The series certainly had some serious flaws. The acting was often ropey, the narrative and characterisation became disjointed as Terry Nation and series producer Terence Dudley pulled in opposite directions, and the script sometimes fell into sledgehammer exposition. The whole thing was also painfully middle class – there were plenty of RADA-derived accents, Charles and Greg couldn’t have been anything other than an architect and an engineer, and fashionable country kitchens and Laura Ashley dresses abounded. Additionally, the cast was achingly white, and race was a glaring omission from the list of issues the series tackled.
Ian McCulloch, who wrote some of the episodes in series two and three as well as having a starring role, had plans for series four that would have rather over-corrected that omission, depicting Britain being colonised by a technologically superior black African state led by an Idi Amin-type figure.
Unsurprisingly, in the context of race riots on the streets of London in 1977 just as series three ended, the BBC baulked at the idea, and McCulloch’s Greg instead rather fizzled out, largely absent from the last series after rather improbably going off in a hot air balloon to help the starving Norwegians, and finally (spoiler alert!) dying of smallpox.
When the series was revived in 2008 (just in time for the global financial collapse and swine flu), the producers’ hyper-sensitivity to the original’s alleged racism meant that the carefully calibrated ethnic mix of the cast, including the creation of two Asian characters, became a distracting focus in itself when it should have just been a natural part of transposing the series to modern Britain. The remake may have had far slicker production values, but it lost much of the grit of the original and swapped its moral ambiguities for pushing a clear message of ecological responsibility. A slight amateurishness, it turned out, allows viewers some latitude and space to think.

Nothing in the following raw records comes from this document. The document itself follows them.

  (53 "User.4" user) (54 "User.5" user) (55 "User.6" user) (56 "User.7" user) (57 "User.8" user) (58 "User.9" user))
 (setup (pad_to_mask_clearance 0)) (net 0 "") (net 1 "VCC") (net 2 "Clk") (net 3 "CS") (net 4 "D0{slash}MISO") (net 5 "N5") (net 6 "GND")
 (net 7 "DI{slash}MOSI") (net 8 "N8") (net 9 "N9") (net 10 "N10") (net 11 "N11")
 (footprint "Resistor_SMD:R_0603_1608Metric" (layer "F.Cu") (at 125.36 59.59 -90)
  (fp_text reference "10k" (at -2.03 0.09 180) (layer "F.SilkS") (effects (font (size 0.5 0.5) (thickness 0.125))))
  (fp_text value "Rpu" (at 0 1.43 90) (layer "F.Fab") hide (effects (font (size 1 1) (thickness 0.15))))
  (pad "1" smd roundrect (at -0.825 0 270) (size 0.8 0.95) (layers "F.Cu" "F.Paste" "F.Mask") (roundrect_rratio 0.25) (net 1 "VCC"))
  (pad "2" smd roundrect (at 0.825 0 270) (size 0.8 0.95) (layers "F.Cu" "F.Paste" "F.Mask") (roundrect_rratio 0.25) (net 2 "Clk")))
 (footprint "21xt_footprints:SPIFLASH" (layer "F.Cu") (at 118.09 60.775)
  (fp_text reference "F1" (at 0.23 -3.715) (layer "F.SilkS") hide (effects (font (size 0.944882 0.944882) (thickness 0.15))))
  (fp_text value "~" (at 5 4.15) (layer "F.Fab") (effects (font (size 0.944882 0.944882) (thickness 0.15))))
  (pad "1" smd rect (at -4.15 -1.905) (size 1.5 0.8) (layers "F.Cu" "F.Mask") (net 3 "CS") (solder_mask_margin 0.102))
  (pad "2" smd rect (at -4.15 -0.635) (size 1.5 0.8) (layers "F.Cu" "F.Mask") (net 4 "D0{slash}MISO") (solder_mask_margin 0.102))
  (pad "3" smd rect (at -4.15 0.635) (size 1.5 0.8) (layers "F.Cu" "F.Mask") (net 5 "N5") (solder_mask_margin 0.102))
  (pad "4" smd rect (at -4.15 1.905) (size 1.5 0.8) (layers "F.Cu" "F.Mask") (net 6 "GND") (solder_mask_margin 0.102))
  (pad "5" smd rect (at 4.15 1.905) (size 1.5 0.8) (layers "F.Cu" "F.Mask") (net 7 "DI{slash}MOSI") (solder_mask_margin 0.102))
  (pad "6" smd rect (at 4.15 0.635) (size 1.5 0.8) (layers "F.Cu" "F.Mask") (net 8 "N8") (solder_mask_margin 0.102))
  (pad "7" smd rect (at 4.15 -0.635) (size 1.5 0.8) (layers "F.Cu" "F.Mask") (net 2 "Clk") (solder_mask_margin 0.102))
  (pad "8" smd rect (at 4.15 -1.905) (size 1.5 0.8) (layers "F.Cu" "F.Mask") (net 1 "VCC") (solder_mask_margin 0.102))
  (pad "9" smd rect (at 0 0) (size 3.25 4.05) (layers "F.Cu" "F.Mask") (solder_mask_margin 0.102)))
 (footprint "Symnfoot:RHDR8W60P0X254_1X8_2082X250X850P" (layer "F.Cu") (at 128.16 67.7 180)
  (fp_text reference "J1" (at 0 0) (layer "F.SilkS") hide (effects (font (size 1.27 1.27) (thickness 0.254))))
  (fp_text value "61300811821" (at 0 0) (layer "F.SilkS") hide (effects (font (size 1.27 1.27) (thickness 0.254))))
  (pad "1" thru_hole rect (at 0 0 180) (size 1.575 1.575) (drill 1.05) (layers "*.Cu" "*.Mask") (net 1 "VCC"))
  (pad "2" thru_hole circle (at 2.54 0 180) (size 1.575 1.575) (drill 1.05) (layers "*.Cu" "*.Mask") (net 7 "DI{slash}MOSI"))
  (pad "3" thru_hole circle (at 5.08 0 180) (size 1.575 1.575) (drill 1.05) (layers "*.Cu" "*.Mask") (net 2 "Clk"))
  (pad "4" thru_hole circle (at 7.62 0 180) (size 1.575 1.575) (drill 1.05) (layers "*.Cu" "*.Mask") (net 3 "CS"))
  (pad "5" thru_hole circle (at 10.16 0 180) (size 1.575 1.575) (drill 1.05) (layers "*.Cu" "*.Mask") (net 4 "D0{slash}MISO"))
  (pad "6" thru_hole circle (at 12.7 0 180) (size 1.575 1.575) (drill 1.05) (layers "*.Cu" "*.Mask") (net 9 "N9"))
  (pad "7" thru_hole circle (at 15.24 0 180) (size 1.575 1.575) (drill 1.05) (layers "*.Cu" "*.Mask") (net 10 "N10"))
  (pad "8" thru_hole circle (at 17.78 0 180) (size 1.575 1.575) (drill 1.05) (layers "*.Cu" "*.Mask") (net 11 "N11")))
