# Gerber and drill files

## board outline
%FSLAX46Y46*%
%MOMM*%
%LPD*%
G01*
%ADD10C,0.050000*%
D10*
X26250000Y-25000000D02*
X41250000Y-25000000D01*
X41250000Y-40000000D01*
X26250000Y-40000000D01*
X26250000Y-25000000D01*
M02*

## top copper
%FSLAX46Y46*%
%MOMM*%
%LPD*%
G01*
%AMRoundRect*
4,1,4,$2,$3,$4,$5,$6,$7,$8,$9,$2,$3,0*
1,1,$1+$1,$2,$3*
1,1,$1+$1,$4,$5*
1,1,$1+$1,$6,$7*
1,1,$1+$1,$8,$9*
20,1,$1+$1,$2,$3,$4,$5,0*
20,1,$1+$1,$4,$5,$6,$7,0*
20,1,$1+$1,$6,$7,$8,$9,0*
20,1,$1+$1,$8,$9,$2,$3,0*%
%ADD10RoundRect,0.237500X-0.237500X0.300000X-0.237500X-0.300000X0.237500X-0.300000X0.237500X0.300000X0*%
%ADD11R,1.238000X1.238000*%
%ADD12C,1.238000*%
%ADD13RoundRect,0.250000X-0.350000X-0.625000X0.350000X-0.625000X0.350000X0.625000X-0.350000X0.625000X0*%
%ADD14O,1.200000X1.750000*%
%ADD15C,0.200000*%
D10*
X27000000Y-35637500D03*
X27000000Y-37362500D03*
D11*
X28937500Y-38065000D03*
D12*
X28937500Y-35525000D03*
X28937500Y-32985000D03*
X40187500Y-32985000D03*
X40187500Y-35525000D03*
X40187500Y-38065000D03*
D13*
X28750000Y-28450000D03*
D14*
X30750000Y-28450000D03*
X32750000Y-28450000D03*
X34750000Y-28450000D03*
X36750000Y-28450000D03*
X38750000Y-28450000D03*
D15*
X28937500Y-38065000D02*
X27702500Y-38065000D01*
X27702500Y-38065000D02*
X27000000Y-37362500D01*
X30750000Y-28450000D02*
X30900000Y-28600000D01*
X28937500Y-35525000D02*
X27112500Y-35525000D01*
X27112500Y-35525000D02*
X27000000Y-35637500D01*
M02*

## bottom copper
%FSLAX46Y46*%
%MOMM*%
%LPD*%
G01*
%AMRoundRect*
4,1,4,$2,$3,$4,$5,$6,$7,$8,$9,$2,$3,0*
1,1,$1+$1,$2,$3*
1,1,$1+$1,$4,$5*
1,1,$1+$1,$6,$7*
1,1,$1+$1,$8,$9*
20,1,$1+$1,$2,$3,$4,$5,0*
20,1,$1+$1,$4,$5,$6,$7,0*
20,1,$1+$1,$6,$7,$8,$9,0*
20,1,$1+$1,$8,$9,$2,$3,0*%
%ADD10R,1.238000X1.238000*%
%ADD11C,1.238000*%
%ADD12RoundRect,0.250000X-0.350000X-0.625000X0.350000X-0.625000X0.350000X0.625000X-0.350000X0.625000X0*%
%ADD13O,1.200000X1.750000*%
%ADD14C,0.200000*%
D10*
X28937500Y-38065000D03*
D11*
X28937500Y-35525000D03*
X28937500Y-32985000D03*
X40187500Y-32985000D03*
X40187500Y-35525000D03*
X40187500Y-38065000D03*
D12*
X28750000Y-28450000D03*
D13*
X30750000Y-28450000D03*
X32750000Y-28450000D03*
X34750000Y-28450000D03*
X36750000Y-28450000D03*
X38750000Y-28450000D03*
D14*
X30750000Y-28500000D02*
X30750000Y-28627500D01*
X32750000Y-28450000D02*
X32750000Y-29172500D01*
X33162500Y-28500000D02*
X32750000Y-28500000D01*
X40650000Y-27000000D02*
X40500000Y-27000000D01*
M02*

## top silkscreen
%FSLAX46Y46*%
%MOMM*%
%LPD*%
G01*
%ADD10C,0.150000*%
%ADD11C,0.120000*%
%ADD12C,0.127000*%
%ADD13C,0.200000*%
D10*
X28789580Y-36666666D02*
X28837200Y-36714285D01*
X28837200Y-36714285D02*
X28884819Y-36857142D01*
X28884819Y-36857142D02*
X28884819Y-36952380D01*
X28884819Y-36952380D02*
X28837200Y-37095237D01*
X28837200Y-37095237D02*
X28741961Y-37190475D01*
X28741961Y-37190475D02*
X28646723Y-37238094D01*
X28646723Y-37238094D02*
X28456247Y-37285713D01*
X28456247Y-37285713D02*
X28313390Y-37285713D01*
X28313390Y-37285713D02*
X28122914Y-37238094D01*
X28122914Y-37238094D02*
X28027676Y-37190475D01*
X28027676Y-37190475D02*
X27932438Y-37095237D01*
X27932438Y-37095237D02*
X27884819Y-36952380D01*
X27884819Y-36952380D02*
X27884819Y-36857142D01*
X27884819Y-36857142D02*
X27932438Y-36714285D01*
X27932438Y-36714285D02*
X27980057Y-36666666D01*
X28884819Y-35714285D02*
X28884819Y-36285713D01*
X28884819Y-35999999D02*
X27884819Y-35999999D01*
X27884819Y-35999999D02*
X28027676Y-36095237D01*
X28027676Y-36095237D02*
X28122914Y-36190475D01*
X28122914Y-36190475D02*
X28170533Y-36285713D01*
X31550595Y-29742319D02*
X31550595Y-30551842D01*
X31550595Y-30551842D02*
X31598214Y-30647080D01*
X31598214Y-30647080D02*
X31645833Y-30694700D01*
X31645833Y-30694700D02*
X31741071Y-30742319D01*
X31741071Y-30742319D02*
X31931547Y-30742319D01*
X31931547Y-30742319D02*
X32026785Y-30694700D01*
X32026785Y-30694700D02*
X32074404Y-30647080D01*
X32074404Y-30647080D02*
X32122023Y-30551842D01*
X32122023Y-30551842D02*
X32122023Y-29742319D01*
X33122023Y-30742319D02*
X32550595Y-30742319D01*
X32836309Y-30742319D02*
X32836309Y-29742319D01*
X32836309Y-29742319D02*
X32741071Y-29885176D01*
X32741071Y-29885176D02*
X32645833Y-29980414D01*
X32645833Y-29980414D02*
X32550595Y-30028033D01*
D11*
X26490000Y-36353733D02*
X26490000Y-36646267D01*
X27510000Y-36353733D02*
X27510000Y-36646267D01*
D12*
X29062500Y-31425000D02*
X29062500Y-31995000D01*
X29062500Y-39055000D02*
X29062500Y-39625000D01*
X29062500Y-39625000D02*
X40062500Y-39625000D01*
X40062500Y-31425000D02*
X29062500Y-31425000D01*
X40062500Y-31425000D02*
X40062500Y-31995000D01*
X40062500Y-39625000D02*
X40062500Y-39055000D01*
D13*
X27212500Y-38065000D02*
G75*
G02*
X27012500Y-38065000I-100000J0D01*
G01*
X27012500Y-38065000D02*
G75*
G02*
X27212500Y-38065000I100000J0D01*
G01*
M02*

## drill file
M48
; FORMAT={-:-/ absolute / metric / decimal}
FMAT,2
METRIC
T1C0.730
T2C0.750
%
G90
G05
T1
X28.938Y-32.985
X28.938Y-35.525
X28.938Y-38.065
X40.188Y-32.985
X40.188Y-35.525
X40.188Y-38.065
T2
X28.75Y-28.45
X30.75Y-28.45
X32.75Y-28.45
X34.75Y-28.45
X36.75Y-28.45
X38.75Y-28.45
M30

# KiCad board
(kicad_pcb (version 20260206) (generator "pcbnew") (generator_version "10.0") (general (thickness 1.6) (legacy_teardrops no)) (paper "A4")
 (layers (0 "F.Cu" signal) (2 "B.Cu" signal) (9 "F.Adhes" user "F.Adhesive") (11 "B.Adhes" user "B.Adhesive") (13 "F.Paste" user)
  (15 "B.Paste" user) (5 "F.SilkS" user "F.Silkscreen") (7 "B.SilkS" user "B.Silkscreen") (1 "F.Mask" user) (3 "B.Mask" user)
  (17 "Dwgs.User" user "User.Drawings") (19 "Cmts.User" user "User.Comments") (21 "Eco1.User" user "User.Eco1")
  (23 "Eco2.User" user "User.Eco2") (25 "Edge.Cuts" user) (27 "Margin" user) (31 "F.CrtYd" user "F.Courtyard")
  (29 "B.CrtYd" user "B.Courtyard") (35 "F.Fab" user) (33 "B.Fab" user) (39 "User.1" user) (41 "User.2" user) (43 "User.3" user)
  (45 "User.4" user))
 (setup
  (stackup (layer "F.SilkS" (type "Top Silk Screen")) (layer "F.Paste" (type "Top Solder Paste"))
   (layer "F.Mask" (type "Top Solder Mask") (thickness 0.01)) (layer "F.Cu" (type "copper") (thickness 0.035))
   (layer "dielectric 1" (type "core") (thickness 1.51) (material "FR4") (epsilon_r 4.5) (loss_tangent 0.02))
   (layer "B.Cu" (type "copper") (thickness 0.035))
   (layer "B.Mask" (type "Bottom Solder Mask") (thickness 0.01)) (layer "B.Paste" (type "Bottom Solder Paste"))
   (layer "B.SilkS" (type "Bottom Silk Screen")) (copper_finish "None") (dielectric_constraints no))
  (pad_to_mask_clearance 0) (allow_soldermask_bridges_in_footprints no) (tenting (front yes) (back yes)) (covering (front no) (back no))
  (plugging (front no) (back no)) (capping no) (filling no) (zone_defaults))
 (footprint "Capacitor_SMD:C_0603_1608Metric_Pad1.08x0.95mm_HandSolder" (layer "F.Cu") (at 27 36.5 -90)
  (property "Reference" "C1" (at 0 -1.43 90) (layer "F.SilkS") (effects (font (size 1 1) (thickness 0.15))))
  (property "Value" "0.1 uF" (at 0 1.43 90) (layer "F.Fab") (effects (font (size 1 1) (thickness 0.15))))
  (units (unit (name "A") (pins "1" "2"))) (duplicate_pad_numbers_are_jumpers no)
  (fp_line (start -0.146267 0.51) (end 0.146267 0.51) (stroke (width 0.12) (type solid)) (layer "F.SilkS"))
  (fp_line (start -0.146267 -0.51) (end 0.146267 -0.51) (stroke (width 0.12) (type solid)) (layer "F.SilkS"))
  (pad "1" smd roundrect (at -0.8625 0 270) (size 1.075 0.95) (layers "F.Cu" "F.Mask" "F.Paste") (roundrect_rratio 0.25)
   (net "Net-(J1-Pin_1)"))
  (pad "2" smd roundrect (at 0.8625 0 270) (size 1.075 0.95) (layers "F.Cu" "F.Mask" "F.Paste") (roundrect_rratio 0.25)
   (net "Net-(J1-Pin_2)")))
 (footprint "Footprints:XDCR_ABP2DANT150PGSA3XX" (layer "F.Cu") (at 34.5625 35.525)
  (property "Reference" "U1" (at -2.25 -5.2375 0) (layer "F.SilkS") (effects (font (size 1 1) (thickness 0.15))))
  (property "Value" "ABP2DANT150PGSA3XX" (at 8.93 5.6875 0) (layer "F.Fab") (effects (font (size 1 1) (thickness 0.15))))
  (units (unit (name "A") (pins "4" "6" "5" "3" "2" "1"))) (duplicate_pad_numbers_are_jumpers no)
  (fp_line (start -5.5 -4.1) (end -5.5 -3.53) (stroke (width 0.127) (type solid)) (layer "F.SilkS"))
  (fp_line (start -5.5 3.53) (end -5.5 4.1) (stroke (width 0.127) (type solid)) (layer "F.SilkS"))
  (fp_line (start -5.5 4.1) (end 5.5 4.1) (stroke (width 0.127) (type solid)) (layer "F.SilkS"))
  (fp_line (start 5.5 -4.1) (end -5.5 -4.1) (stroke (width 0.127) (type solid)) (layer "F.SilkS"))
  (fp_line (start 5.5 -4.1) (end 5.5 -3.53) (stroke (width 0.127) (type solid)) (layer "F.SilkS"))
  (fp_line (start 5.5 4.1) (end 5.5 3.53) (stroke (width 0.127) (type solid)) (layer "F.SilkS"))
  (fp_circle (center -7.45 2.54) (end -7.35 2.54) (stroke (width 0.2) (type solid)) (fill no) (layer "F.SilkS"))
  (pad "1" thru_hole rect (at -5.625 2.54) (size 1.238 1.238) (drill 0.73) (layers "*.Cu" "*.Mask") (remove_unused_layers no)
   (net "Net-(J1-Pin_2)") (solder_mask_margin 0.102))
  (pad "2" thru_hole circle (at -5.625 0) (size 1.238 1.238) (drill 0.73) (layers "*.Cu" "*.Mask") (remove_unused_layers no)
   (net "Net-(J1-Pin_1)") (solder_mask_margin 0.102))
  (pad "3" thru_hole circle (at -5.625 -2.54) (size 1.238 1.238) (drill 0.73) (layers "*.Cu" "*.Mask") (remove_unused_layers no)
   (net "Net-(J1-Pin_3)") (solder_mask_margin 0.102))
  (pad "4" thru_hole circle (at 5.625 -2.54) (size 1.238 1.238) (drill 0.73) (layers "*.Cu" "*.Mask") (remove_unused_layers no)
   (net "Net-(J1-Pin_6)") (solder_mask_margin 0.102))
  (pad "5" thru_hole circle (at 5.625 0) (size 1.238 1.238) (drill 0.73) (layers "*.Cu" "*.Mask") (remove_unused_layers no)
   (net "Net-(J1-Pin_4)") (solder_mask_margin 0.102))
  (pad "6" thru_hole circle (at 5.625 2.54) (size 1.238 1.238) (drill 0.73) (layers "*.Cu" "*.Mask") (remove_unused_layers no)
   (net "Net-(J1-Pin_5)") (solder_mask_margin 0.102)))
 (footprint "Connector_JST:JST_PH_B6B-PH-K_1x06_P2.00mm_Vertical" (layer "B.Cu") (at 28.75 28.45)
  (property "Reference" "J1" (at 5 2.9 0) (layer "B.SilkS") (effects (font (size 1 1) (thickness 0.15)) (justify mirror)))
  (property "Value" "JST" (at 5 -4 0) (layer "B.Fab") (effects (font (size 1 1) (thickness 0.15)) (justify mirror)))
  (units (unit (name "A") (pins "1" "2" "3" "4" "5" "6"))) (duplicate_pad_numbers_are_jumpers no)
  (pad "1" thru_hole roundrect (at 0 0) (size 1.2 1.75) (drill 0.75) (layers "*.Cu" "*.Mask") (remove_unused_layers no)
   (roundrect_rratio 0.208333) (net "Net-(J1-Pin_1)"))
  (pad "2" thru_hole oval (at 2 0) (size 1.2 1.75) (drill 0.75) (layers "*.Cu" "*.Mask") (remove_unused_layers no) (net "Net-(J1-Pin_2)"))
  (pad "3" thru_hole oval (at 4 0) (size 1.2 1.75) (drill 0.75) (layers "*.Cu" "*.Mask") (remove_unused_layers no) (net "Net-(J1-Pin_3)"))
  (pad "4" thru_hole oval (at 6 0) (size 1.2 1.75) (drill 0.75) (layers "*.Cu" "*.Mask") (remove_unused_layers no) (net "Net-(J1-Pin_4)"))
  (pad "5" thru_hole oval (at 8 0) (size 1.2 1.75) (drill 0.75) (layers "*.Cu" "*.Mask") (remove_unused_layers no) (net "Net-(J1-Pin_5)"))
  (pad "6" thru_hole oval (at 10 0) (size 1.2 1.75) (drill 0.75) (layers "*.Cu" "*.Mask") (remove_unused_layers no) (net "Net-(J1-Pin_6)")))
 (gr_rect (start 26.25 25) (end 41.25 40) (stroke (width 0.05) (type default)) (fill no) (layer "Edge.Cuts"))
 (segment (start 28.9375 38.065) (end 27.7025 38.065) (width 0.2) (layer "F.Cu") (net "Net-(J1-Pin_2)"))
 (segment (start 27.7025 38.065) (end 27 37.3625) (width 0.2) (layer "F.Cu") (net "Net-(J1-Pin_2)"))
 (segment (start 30.75 28.45) (end 30.9 28.6) (width 0.2) (layer "F.Cu") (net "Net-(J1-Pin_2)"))
 (segment (start 30.75 28.5) (end 30.75 28.6275) (width 0.2) (layer "B.Cu") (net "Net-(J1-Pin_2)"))
 (segment (start 28.9375 35.525) (end 27.1125 35.525) (width 0.2) (layer "F.Cu") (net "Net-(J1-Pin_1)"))
 (segment (start 27.1125 35.525) (end 27 35.6375) (width 0.2) (layer "F.Cu") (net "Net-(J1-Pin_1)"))
 (segment (start 32.75 28.45) (end 32.75 29.1725) (width 0.2) (layer "B.Cu") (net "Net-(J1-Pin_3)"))
 (segment (start 33.1625 28.5) (end 32.75 28.5) (width 0.2) (layer "B.Cu") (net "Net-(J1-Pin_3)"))
 (segment (start 40.65 27) (end 40.5 27) (width 0.2) (layer "B.Cu") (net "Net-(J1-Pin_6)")))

When civilisation does collapse, having availed yourself of the Survivors DVD box set (2entertain) in advance may have given you some useful pointers on how to build a slurry-powered generator, although it would also have made the misleading suggestion that nice jumpers and blackberry wine are the most essential components for getting through the apocalypse. But for all its mild absurdity, Survivors was thoroughly grown-up telly that used a possible future reality to meaningfully explore the problems of now.